**INFORMATION SHOWN**

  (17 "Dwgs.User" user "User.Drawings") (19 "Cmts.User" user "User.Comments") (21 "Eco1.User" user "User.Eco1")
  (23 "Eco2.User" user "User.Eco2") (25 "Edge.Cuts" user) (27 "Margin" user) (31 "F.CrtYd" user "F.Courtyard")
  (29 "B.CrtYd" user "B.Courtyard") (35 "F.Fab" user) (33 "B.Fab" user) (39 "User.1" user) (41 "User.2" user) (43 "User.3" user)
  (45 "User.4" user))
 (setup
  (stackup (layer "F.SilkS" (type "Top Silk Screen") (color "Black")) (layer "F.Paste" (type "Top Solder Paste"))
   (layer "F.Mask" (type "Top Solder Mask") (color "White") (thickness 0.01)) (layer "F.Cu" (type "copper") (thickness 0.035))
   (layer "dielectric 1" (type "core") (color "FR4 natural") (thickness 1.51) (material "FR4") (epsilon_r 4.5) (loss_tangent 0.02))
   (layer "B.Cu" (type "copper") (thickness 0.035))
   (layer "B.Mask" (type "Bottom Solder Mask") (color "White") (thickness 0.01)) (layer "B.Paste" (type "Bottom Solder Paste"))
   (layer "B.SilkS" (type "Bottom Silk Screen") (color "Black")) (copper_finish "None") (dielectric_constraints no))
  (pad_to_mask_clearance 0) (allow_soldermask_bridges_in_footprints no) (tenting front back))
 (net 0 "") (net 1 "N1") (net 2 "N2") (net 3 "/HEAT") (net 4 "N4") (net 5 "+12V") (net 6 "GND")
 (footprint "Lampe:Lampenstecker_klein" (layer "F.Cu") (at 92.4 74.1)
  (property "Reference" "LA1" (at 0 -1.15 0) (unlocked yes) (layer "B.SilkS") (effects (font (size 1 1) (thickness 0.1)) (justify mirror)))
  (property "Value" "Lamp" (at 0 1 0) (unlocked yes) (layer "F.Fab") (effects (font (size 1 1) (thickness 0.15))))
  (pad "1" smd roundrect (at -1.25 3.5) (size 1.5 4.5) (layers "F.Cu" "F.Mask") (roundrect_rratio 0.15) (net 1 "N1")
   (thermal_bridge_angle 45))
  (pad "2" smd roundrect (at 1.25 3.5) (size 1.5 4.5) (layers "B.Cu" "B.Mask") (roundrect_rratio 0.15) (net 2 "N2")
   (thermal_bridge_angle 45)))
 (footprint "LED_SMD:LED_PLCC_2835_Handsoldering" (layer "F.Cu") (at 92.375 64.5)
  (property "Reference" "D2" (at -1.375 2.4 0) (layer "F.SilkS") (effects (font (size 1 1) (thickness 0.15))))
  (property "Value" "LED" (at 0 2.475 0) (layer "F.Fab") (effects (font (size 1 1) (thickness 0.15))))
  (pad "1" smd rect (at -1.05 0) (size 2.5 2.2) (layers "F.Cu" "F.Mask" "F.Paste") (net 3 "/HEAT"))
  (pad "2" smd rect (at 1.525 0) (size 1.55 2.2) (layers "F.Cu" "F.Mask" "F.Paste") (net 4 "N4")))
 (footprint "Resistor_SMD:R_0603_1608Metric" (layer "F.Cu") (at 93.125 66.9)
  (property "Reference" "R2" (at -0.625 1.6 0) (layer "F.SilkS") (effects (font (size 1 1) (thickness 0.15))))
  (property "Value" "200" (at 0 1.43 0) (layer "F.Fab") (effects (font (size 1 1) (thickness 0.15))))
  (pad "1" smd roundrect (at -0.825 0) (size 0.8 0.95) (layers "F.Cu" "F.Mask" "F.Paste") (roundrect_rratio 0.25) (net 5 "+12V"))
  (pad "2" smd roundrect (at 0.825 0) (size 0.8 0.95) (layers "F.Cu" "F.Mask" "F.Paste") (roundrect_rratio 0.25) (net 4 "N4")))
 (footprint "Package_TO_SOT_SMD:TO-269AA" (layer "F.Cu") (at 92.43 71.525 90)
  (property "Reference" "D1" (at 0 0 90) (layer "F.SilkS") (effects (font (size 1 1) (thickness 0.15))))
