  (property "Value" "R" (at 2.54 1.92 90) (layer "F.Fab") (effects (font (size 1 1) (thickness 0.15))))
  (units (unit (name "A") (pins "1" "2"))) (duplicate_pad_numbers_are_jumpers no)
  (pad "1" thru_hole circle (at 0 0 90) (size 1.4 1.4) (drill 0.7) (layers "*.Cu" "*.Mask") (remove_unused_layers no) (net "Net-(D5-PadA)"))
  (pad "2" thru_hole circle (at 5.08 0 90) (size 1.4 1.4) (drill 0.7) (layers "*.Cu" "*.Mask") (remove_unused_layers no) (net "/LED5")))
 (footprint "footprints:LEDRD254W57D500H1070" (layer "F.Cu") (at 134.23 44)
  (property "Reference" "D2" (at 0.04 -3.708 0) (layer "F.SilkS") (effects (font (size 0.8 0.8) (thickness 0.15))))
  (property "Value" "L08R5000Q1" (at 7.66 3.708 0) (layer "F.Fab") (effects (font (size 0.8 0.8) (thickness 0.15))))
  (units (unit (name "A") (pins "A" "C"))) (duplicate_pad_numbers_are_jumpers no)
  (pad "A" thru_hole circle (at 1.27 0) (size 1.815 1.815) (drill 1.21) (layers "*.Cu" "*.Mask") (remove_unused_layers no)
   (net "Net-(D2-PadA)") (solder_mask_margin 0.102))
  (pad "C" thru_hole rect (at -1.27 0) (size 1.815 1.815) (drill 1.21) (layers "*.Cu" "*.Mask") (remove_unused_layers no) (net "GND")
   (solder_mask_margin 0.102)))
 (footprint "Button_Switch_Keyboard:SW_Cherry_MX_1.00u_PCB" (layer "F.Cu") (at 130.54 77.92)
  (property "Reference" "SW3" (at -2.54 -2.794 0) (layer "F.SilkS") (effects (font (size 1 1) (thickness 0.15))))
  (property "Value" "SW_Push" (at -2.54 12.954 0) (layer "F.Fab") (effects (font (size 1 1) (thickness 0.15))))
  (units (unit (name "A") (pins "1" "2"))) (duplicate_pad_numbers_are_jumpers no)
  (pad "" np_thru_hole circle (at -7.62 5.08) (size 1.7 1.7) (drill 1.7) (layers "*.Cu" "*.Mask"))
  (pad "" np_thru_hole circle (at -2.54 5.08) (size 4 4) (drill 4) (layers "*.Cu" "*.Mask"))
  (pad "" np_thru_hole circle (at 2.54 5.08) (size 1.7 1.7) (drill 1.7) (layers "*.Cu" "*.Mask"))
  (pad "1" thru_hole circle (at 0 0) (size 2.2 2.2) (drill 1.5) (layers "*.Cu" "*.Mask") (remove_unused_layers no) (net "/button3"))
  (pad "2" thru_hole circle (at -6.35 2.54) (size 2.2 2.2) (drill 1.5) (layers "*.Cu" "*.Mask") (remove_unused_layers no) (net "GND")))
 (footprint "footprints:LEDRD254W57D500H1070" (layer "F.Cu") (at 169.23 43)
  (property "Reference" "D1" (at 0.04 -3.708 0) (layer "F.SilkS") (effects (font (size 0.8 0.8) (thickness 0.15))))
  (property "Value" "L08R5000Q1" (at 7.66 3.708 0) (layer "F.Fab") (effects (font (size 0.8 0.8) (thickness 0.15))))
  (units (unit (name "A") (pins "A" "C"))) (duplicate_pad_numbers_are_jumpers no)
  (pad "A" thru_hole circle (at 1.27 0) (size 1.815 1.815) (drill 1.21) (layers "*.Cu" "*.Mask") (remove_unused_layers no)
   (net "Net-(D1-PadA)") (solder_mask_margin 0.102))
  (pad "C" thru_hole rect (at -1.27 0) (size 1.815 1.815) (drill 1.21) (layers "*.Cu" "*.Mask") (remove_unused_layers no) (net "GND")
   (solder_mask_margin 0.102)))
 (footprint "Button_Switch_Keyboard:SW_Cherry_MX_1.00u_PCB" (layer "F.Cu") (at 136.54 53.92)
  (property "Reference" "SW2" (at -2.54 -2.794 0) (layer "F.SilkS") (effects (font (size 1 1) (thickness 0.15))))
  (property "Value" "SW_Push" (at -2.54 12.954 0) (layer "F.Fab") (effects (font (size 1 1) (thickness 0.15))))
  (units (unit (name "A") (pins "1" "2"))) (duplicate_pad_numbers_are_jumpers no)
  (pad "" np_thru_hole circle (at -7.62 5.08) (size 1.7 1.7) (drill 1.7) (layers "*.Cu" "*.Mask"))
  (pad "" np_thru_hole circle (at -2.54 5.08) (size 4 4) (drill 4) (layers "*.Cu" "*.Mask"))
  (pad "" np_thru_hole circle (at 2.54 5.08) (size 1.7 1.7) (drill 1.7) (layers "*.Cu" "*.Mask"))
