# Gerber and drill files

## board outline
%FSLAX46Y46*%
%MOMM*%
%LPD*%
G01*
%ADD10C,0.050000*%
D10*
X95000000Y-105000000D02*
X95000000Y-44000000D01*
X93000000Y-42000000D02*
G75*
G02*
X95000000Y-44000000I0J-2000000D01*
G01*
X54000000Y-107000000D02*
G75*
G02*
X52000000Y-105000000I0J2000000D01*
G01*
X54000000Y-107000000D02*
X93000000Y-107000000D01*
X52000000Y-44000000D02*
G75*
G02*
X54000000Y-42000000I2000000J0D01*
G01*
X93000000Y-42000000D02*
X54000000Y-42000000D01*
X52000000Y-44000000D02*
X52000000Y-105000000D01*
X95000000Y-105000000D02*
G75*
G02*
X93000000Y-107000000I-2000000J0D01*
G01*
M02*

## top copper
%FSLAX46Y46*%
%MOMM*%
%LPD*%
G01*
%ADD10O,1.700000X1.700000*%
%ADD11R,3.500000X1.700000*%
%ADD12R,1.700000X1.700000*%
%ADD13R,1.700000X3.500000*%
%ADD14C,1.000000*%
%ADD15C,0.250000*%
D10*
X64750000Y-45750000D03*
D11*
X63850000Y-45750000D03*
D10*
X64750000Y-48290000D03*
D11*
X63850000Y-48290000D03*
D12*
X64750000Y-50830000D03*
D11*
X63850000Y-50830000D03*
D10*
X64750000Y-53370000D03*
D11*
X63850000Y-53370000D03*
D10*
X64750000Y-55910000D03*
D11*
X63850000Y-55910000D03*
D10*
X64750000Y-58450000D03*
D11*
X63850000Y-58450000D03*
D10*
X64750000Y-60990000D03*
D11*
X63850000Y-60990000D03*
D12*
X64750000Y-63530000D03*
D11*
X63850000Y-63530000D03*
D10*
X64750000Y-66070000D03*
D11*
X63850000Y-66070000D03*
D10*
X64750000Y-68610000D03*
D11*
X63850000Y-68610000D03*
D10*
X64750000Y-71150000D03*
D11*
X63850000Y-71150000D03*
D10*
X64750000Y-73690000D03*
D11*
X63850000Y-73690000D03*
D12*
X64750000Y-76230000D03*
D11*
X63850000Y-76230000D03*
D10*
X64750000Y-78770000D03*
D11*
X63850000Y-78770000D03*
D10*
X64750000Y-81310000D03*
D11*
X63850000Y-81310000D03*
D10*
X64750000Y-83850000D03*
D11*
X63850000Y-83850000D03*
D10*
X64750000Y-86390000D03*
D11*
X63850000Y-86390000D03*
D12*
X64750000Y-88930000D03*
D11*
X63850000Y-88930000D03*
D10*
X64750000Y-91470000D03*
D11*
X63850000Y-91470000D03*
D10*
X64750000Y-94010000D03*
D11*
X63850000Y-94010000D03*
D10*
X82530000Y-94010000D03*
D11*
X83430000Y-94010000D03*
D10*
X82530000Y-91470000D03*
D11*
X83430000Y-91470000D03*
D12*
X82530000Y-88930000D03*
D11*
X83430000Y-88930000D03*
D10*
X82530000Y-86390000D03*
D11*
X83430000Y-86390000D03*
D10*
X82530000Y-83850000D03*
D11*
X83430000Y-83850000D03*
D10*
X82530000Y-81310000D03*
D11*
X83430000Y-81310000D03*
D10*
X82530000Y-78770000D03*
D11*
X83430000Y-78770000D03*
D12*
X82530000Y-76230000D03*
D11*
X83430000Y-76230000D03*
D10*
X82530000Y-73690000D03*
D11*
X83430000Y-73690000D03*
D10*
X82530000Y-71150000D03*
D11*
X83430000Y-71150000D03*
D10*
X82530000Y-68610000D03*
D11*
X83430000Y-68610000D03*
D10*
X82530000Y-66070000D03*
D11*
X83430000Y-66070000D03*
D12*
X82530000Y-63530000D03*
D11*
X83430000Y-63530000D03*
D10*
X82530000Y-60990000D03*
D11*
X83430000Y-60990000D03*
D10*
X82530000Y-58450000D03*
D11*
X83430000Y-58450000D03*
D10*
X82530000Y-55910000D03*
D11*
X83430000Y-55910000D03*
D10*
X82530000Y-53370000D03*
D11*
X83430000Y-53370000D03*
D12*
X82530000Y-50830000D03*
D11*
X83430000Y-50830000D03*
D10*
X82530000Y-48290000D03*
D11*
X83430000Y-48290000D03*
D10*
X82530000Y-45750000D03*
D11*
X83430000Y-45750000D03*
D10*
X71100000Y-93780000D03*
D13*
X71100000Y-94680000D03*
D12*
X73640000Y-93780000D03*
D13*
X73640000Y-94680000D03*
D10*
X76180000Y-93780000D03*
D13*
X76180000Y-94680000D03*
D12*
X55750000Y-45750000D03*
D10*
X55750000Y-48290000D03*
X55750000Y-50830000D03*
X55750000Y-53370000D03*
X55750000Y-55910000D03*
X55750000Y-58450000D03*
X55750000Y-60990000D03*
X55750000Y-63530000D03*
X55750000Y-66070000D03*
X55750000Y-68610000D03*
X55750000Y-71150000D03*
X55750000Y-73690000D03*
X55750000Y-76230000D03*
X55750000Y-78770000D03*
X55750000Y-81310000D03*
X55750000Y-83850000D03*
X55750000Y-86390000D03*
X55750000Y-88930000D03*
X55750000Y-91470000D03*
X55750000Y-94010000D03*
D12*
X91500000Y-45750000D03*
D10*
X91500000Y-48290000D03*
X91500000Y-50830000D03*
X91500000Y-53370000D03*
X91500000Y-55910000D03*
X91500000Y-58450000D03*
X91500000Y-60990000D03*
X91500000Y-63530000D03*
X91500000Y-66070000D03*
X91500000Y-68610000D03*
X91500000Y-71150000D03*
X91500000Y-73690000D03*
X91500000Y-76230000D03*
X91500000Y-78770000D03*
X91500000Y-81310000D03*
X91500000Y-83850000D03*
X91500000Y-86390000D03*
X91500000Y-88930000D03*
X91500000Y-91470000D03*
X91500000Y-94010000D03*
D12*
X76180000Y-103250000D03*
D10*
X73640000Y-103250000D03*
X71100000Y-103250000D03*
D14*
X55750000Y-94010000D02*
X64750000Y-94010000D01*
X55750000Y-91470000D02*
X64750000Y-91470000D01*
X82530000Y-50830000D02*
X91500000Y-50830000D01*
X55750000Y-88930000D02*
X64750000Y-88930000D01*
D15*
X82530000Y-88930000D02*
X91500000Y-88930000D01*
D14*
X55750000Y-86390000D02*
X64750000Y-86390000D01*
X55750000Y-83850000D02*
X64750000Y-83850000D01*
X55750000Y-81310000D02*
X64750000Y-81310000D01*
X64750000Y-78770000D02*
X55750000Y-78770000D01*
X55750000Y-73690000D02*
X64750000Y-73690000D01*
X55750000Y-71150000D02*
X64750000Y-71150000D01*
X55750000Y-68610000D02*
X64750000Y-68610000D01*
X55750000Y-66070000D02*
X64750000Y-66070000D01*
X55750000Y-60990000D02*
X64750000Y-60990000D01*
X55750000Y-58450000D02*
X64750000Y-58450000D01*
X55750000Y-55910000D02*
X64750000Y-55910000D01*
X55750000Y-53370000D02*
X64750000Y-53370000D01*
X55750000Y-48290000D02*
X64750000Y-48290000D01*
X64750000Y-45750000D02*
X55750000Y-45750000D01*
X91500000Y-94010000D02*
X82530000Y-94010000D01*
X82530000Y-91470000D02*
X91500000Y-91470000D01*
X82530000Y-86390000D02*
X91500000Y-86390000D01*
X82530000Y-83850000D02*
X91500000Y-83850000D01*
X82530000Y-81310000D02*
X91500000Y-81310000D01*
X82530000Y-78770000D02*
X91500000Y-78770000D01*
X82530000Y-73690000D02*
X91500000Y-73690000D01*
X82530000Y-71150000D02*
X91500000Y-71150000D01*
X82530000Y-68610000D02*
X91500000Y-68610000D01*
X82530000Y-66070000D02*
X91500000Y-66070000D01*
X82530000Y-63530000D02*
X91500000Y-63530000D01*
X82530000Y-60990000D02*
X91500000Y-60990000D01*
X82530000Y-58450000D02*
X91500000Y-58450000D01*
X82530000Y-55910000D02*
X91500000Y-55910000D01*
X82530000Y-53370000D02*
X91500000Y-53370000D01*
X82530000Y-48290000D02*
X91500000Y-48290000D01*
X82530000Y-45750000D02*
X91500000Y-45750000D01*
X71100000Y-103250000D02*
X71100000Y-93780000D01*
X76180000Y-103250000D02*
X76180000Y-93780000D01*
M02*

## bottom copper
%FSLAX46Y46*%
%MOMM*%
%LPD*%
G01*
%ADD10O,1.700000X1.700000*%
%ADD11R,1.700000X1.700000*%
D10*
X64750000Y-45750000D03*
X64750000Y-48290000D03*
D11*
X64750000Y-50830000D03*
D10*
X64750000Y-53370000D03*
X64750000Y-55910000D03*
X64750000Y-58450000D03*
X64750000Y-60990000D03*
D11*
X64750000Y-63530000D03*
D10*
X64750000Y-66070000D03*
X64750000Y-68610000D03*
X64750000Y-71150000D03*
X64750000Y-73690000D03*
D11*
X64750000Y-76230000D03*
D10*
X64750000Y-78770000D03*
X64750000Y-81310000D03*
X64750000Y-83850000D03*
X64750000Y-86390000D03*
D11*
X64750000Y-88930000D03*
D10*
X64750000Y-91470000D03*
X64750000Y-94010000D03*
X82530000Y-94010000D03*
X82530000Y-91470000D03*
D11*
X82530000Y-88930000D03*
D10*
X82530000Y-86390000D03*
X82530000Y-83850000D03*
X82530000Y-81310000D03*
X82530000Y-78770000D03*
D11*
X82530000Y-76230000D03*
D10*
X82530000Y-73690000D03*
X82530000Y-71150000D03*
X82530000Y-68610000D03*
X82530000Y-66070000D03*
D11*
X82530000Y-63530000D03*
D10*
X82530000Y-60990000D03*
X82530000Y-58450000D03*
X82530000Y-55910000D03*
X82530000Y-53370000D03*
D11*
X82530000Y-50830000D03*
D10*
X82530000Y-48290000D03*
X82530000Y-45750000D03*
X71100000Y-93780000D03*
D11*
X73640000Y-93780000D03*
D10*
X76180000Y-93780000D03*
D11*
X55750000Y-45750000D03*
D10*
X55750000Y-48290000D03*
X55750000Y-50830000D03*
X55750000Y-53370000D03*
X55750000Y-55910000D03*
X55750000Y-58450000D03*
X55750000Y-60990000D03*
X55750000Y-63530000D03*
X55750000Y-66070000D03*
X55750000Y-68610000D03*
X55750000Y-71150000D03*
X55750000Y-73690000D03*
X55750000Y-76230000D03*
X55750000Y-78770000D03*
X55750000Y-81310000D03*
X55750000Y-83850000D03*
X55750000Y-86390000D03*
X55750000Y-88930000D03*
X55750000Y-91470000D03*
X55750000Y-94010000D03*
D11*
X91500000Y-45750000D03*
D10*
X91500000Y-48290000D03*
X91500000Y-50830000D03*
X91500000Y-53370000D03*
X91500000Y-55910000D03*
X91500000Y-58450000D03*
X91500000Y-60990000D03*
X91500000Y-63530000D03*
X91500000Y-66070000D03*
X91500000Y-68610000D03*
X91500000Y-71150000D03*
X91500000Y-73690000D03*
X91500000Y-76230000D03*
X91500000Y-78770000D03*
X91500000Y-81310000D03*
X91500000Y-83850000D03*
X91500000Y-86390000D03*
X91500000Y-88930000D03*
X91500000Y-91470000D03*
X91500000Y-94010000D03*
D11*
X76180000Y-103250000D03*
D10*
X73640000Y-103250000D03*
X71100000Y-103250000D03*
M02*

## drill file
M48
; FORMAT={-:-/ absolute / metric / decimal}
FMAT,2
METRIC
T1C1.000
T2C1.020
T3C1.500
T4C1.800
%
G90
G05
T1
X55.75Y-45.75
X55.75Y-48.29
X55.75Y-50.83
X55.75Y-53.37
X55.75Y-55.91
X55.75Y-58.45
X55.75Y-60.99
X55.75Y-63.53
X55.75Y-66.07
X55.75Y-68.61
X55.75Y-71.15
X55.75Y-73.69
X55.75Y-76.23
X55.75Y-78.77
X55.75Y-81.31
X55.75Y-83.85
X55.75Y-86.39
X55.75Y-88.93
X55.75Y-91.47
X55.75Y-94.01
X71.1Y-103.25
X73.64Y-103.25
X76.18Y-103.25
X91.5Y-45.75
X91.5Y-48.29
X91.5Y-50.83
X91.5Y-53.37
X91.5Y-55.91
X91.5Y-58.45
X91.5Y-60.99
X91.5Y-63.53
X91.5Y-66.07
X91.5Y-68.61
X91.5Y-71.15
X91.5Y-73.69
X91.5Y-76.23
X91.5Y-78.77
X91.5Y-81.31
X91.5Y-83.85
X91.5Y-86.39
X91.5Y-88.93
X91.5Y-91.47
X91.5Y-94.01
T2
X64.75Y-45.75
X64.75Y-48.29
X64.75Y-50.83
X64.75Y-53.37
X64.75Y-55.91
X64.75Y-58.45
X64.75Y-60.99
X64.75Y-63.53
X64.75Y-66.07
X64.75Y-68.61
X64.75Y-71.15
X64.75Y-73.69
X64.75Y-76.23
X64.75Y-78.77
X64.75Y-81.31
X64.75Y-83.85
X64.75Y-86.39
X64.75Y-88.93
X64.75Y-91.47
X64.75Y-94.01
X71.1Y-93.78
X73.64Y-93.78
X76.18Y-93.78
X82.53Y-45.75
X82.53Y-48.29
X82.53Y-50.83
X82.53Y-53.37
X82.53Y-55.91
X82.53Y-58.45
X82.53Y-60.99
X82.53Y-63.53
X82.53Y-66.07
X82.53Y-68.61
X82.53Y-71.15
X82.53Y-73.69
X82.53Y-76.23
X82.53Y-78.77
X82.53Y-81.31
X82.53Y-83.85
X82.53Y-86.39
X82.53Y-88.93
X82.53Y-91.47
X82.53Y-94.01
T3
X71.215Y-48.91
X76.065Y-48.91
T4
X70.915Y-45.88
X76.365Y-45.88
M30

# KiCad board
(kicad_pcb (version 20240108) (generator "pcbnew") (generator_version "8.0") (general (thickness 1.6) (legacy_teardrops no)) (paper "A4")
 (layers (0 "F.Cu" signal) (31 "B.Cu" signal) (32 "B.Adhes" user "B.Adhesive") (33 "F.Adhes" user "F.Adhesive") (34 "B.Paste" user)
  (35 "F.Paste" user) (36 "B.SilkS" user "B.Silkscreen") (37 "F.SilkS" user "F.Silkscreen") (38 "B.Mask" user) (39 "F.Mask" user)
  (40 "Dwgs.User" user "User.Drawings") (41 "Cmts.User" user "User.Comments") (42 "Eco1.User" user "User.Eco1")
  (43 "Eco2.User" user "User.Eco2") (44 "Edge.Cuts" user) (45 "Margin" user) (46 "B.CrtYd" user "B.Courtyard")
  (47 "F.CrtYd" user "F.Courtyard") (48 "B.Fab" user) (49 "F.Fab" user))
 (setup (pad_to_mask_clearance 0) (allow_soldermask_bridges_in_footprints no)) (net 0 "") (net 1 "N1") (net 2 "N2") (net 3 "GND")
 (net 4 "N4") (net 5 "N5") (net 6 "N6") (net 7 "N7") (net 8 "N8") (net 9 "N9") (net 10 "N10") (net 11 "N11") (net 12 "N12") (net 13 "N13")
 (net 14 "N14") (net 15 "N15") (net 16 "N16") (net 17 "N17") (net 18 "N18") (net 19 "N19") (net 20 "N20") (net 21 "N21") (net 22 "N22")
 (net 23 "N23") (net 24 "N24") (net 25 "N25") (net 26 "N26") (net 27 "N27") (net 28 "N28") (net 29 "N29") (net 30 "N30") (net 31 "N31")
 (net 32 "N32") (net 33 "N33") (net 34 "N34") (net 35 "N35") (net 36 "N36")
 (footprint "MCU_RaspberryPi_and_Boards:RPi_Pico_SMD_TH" (layer "F.Cu") (at 73.64 69.88)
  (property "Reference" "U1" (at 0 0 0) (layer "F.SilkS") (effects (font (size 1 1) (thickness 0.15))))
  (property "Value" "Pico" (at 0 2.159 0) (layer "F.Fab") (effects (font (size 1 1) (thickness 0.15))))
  (pad "" np_thru_hole oval (at -2.725 -24) (size 1.8 1.8) (drill 1.8) (layers "*.Cu" "*.Mask"))
  (pad "" np_thru_hole oval (at -2.425 -20.97) (size 1.5 1.5) (drill 1.5) (layers "*.Cu" "*.Mask"))
  (pad "" np_thru_hole oval (at 2.425 -20.97) (size 1.5 1.5) (drill 1.5) (layers "*.Cu" "*.Mask"))
  (pad "" np_thru_hole oval (at 2.725 -24) (size 1.8 1.8) (drill 1.8) (layers "*.Cu" "*.Mask"))
  (pad "1" thru_hole oval (at -8.89 -24.13) (size 1.7 1.7) (drill 1.02) (layers "*.Cu" "*.Mask") (remove_unused_layers no) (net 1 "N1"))
  (pad "1" smd rect (at -8.89 -24.13) (size 3.5 1.7) (drill (offset -0.9 0)) (layers "F.Cu" "F.Mask") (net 1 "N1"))
  (pad "2" thru_hole oval (at -8.89 -21.59) (size 1.7 1.7) (drill 1.02) (layers "*.Cu" "*.Mask") (remove_unused_layers no) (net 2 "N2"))
  (pad "2" smd rect (at -8.89 -21.59) (size 3.5 1.7) (drill (offset -0.9 0)) (layers "F.Cu" "F.Mask") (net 2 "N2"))
  (pad "3" thru_hole rect (at -8.89 -19.05) (size 1.7 1.7) (drill 1.02) (layers "*.Cu" "*.Mask") (remove_unused_layers no) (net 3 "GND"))
  (pad "3" smd rect (at -8.89 -19.05) (size 3.5 1.7) (drill (offset -0.9 0)) (layers "F.Cu" "F.Mask") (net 3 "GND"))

**PROBLEM DESCRIPTION**
Beginning with the first line of the entries, repeat each line exactly until you have reproduced the one containing "0.1)) (justify mirror)))", and add nothing further.

**TASK ANSWER**
  (17 "Dwgs.User" user "User.Drawings") (19 "Cmts.User" user "User.Comments") (21 "Eco1.User" user "User.Eco1")
  (23 "Eco2.User" user "User.Eco2") (25 "Edge.Cuts" user) (27 "Margin" user) (31 "F.CrtYd" user "F.Courtyard")
  (29 "B.CrtYd" user "B.Courtyard") (35 "F.Fab" user) (33 "B.Fab" user) (39 "User.1" user) (41 "User.2" user) (43 "User.3" user)
  (45 "User.4" user))
 (setup
  (stackup (layer "F.SilkS" (type "Top Silk Screen") (color "Black")) (layer "F.Paste" (type "Top Solder Paste"))
   (layer "F.Mask" (type "Top Solder Mask") (color "White") (thickness 0.01)) (layer "F.Cu" (type "copper") (thickness 0.035))
   (layer "dielectric 1" (type "core") (color "FR4 natural") (thickness 1.51) (material "FR4") (epsilon_r 4.5) (loss_tangent 0.02))
   (layer "B.Cu" (type "copper") (thickness 0.035))
   (layer "B.Mask" (type "Bottom Solder Mask") (color "White") (thickness 0.01)) (layer "B.Paste" (type "Bottom Solder Paste"))
   (layer "B.SilkS" (type "Bottom Silk Screen") (color "Black")) (copper_finish "None") (dielectric_constraints no))
  (pad_to_mask_clearance 0) (allow_soldermask_bridges_in_footprints no) (tenting front back))
 (net 0 "") (net 1 "N1") (net 2 "N2") (net 3 "/HEAT") (net 4 "N4") (net 5 "+12V") (net 6 "GND")
 (footprint "Lampe:Lampenstecker_klein" (layer "F.Cu") (at 92.4 74.1)
  (property "Reference" "LA1" (at 0 -1.15 0) (unlocked yes) (layer "B.SilkS") (effects (font (size 1 1) (thickness 0.1)) (justify mirror)))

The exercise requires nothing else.